▶ [About this task]: Copy out the lines of the records below, and only those lines, from the one with "X110500000Y-109000000D01*" through the one with "X105000000Y-105500000D02*", exactly as they appear.

▶ [Supplied information]:
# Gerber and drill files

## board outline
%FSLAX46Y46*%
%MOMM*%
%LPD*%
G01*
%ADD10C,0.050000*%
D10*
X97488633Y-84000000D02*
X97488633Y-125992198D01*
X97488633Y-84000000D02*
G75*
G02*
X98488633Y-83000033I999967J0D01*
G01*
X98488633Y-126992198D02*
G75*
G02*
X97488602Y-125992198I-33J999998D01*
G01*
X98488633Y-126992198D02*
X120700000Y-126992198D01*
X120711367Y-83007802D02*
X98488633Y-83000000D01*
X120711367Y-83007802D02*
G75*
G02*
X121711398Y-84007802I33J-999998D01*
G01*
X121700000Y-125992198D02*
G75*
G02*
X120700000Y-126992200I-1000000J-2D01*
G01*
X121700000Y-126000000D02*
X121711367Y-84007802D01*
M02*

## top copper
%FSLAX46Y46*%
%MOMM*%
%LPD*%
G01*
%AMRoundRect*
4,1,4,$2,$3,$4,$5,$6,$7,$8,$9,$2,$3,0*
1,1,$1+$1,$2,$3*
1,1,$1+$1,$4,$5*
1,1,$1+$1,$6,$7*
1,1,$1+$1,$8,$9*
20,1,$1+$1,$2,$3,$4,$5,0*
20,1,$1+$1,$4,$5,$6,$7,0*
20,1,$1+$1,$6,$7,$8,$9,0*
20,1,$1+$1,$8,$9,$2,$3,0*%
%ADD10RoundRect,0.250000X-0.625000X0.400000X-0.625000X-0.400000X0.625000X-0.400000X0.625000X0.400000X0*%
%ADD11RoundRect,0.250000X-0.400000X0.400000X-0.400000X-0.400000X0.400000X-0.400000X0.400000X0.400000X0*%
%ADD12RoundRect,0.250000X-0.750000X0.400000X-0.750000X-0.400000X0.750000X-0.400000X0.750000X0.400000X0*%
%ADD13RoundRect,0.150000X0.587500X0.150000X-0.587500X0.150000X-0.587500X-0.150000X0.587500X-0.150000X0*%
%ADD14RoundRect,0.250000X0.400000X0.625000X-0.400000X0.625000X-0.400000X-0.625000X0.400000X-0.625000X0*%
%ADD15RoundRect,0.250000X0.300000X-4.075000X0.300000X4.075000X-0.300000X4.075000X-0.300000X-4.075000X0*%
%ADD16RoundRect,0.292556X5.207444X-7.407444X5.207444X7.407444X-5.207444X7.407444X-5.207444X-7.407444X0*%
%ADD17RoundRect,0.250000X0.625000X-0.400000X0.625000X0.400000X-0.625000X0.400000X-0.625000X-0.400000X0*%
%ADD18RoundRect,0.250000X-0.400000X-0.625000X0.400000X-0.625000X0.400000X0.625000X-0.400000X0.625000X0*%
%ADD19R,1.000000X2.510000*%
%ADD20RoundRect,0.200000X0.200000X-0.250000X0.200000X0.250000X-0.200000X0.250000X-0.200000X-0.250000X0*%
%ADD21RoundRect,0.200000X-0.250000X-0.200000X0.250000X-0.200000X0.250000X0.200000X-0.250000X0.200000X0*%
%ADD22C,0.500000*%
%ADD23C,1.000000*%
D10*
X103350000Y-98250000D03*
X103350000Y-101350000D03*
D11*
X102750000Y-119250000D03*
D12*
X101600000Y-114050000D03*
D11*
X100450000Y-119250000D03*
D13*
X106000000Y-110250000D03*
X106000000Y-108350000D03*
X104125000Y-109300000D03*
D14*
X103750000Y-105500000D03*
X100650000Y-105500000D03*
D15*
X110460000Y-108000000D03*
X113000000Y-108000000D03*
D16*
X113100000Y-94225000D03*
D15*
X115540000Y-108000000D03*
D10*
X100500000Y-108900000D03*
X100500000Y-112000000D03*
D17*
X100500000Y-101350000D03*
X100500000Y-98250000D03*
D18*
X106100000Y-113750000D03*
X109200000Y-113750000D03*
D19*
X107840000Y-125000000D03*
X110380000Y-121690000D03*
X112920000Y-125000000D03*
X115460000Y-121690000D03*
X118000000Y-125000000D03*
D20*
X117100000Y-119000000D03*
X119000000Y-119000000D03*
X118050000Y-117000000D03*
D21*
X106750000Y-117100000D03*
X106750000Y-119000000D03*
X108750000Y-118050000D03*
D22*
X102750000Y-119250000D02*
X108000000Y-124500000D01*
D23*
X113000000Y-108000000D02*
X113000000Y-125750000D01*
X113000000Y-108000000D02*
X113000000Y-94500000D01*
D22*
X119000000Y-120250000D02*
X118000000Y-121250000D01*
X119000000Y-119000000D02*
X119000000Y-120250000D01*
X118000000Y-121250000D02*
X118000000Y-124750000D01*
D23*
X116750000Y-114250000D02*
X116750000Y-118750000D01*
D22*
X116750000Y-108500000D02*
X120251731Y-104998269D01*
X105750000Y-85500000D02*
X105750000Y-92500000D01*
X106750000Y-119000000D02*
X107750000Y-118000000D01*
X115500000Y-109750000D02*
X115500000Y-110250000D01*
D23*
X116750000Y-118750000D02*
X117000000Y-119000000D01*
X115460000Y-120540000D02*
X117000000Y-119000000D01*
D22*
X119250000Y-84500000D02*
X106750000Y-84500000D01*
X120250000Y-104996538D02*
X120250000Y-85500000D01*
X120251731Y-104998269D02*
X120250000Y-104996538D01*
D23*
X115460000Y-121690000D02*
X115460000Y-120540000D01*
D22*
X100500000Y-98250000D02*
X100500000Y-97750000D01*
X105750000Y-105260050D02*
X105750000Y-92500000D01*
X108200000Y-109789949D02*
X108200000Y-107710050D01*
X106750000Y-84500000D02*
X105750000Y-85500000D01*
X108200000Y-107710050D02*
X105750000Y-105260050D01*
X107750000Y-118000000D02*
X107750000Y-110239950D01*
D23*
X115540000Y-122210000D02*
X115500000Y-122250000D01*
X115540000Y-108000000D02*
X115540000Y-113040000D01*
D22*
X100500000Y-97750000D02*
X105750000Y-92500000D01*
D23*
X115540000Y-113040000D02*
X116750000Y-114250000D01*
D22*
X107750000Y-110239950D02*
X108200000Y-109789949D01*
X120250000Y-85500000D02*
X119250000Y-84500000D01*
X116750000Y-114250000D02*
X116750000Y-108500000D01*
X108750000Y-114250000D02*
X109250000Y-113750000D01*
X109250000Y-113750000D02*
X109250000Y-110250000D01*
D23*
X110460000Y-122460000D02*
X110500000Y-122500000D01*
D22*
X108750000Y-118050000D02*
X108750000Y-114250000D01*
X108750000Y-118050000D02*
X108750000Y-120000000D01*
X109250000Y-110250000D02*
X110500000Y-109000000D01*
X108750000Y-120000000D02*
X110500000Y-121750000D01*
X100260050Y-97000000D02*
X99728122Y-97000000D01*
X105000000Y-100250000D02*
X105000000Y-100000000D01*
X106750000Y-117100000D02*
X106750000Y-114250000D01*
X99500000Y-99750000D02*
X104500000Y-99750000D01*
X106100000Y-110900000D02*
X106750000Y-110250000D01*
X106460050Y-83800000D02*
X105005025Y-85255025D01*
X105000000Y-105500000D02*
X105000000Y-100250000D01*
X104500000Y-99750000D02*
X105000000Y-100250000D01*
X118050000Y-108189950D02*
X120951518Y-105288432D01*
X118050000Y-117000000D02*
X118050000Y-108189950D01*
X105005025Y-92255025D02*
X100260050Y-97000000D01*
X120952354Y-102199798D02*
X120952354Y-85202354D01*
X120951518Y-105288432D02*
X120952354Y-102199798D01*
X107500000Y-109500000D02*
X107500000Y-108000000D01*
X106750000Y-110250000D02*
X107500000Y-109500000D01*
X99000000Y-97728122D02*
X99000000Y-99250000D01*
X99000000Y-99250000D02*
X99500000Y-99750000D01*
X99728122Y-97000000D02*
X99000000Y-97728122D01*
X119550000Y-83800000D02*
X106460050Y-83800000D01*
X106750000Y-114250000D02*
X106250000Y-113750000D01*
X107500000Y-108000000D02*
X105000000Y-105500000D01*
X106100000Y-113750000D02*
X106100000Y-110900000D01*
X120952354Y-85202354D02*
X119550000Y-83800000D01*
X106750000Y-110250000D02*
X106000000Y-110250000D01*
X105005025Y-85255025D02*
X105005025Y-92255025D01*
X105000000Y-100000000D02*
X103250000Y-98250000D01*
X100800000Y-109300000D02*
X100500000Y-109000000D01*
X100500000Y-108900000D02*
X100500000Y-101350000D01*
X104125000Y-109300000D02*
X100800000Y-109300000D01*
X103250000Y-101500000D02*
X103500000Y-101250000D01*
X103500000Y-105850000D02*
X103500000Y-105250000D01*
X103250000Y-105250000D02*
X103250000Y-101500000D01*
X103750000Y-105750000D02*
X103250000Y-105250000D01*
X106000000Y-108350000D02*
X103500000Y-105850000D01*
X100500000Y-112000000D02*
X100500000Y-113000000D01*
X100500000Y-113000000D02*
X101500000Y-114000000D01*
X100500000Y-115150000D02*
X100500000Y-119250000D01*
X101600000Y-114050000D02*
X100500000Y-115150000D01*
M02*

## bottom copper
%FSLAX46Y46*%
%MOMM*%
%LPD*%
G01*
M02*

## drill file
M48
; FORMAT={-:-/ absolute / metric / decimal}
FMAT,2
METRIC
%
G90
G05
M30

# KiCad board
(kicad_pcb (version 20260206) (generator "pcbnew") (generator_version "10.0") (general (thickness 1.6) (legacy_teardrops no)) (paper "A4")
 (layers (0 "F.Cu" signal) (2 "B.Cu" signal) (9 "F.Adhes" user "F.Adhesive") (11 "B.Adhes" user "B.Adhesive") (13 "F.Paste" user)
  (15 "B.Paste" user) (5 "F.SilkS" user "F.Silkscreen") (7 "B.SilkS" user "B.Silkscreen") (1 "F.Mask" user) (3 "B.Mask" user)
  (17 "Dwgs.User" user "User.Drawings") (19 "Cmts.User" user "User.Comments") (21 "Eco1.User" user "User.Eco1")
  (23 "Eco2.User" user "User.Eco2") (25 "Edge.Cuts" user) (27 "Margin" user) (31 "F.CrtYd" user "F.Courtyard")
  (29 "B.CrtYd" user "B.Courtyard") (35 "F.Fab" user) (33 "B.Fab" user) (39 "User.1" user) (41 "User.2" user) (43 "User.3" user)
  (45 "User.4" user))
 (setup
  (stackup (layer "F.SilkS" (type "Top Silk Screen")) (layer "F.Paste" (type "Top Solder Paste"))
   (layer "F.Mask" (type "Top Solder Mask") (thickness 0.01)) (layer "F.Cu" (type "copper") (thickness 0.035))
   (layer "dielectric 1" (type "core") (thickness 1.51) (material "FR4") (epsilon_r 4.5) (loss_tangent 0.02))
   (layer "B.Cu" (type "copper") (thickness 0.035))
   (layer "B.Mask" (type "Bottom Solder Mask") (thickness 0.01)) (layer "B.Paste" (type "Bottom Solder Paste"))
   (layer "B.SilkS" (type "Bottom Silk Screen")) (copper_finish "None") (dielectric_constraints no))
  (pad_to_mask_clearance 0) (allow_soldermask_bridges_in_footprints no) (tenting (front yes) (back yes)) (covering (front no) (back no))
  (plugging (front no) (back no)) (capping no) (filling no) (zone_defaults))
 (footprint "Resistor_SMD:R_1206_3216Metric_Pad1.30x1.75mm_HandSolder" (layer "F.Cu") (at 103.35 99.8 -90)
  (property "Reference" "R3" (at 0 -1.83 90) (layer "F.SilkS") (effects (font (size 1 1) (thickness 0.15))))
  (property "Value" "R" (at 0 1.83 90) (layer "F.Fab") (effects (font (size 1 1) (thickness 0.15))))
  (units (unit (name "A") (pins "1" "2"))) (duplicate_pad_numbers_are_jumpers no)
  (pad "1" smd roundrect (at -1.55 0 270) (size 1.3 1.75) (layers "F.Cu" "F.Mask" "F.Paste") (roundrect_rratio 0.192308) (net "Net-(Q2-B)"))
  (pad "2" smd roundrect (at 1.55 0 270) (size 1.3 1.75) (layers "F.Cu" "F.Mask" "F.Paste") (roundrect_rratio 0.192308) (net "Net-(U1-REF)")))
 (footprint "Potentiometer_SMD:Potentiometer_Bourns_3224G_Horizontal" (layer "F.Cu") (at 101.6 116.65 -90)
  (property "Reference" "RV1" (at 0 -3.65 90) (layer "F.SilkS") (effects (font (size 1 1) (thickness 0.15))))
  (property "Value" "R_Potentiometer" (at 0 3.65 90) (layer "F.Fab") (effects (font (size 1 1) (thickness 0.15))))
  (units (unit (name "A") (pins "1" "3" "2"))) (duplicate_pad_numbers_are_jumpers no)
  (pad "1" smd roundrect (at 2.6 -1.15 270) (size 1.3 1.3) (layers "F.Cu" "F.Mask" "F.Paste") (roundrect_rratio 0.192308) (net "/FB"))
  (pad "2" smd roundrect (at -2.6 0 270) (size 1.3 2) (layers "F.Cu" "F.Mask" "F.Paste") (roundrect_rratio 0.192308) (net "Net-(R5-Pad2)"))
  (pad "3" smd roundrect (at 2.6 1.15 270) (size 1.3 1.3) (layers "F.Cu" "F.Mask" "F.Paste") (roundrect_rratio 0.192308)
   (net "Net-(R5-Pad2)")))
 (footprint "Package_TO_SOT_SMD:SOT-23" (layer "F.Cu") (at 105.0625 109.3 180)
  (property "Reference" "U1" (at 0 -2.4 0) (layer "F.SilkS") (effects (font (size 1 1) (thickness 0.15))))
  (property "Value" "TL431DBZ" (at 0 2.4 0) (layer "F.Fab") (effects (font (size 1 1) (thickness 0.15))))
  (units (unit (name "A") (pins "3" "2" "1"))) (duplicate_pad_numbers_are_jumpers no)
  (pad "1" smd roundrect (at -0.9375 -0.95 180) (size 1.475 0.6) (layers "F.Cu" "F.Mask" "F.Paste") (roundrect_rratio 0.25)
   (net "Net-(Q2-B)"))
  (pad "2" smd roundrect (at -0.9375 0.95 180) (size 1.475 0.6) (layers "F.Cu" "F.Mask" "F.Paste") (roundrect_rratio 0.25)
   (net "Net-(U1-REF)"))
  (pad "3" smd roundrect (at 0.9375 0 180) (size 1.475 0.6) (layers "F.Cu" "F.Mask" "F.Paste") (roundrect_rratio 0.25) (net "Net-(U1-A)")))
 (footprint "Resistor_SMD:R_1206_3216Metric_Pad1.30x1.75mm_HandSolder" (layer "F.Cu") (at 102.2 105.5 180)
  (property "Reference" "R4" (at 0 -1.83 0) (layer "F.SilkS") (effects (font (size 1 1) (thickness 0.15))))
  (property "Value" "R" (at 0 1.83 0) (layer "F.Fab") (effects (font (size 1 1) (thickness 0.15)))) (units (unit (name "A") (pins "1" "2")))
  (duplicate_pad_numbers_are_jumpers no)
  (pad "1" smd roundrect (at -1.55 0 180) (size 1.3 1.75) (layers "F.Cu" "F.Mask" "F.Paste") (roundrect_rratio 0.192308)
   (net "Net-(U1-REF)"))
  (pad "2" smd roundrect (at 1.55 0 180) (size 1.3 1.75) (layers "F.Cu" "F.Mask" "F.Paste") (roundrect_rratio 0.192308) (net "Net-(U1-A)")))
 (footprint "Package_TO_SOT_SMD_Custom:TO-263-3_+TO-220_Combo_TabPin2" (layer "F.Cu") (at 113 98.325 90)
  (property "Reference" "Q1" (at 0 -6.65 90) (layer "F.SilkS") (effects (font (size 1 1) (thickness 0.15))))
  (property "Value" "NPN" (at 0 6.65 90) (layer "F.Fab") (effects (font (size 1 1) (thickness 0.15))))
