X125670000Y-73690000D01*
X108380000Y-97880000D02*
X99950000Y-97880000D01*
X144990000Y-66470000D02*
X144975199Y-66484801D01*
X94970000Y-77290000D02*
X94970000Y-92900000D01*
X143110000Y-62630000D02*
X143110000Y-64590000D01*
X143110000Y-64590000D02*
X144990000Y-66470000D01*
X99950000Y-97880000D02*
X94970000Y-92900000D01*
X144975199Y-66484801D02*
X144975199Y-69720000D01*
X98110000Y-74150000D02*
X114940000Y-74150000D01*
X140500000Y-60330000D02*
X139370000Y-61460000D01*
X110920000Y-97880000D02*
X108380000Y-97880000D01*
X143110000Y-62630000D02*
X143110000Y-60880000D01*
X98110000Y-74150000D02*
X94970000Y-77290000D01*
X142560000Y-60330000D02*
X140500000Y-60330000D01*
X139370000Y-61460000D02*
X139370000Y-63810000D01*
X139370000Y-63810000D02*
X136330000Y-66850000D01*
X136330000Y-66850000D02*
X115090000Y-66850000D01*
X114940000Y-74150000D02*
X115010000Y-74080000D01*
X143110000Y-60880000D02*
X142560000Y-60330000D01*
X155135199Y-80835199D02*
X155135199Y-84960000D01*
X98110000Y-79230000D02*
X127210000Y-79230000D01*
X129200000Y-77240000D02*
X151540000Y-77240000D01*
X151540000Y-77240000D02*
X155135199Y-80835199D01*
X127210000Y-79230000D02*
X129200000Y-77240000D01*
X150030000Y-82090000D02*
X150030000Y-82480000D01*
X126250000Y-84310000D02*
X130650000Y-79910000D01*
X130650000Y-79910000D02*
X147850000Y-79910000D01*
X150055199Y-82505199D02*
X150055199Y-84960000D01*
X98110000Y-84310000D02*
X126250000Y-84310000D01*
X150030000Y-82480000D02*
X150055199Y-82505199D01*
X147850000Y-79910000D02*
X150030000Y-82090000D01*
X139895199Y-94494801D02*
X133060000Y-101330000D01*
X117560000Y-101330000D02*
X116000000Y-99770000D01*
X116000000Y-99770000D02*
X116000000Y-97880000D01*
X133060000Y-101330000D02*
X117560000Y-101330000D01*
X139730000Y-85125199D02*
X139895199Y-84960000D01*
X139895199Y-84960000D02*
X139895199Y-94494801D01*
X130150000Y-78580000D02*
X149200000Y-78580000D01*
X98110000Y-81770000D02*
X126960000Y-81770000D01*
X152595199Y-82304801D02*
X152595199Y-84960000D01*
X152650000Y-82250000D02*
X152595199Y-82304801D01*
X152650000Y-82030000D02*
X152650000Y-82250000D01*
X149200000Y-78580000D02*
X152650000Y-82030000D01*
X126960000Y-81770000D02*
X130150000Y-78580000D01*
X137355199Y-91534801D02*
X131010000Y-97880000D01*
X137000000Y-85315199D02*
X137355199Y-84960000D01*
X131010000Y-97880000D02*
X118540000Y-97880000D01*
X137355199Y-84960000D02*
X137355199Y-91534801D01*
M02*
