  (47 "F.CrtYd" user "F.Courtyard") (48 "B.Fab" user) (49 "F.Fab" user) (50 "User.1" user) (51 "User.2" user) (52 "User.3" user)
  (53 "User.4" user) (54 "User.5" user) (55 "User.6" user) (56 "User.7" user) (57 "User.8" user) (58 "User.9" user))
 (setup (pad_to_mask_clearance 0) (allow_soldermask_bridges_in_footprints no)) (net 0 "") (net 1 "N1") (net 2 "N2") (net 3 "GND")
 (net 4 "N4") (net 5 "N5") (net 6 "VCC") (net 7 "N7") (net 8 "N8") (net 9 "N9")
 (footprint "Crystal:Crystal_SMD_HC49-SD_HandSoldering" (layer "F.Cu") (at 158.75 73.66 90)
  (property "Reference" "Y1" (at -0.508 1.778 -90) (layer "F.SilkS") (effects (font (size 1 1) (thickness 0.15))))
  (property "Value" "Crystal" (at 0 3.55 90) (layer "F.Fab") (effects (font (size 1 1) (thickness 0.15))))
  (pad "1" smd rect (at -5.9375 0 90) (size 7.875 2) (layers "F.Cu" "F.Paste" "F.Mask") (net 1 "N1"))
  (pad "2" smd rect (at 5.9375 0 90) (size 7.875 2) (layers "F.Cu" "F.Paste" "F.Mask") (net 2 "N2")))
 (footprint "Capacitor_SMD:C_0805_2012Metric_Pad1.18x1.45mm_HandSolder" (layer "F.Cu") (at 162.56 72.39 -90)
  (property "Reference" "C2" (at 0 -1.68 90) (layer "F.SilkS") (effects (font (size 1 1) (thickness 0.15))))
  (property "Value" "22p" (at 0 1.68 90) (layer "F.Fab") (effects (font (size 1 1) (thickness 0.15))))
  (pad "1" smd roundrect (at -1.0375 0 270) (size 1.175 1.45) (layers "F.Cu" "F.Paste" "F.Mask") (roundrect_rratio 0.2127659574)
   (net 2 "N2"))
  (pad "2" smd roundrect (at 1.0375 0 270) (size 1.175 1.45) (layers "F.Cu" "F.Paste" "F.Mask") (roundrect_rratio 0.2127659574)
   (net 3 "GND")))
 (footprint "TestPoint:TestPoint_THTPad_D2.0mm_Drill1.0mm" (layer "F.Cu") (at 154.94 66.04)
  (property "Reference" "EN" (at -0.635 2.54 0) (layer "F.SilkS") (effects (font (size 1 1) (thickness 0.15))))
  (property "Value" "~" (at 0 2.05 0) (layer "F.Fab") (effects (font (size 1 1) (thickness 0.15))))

▶ [Expected answer]:
X110500000Y-109000000D01*
X108750000Y-120000000D02*
X110500000Y-121750000D01*
X100260050Y-97000000D02*
X99728122Y-97000000D01*
X105000000Y-100250000D02*
X105000000Y-100000000D01*
X106750000Y-117100000D02*
X106750000Y-114250000D01*
X99500000Y-99750000D02*
X104500000Y-99750000D01*
X106100000Y-110900000D02*
X106750000Y-110250000D01*
X106460050Y-83800000D02*
X105005025Y-85255025D01*
X105000000Y-105500000D02*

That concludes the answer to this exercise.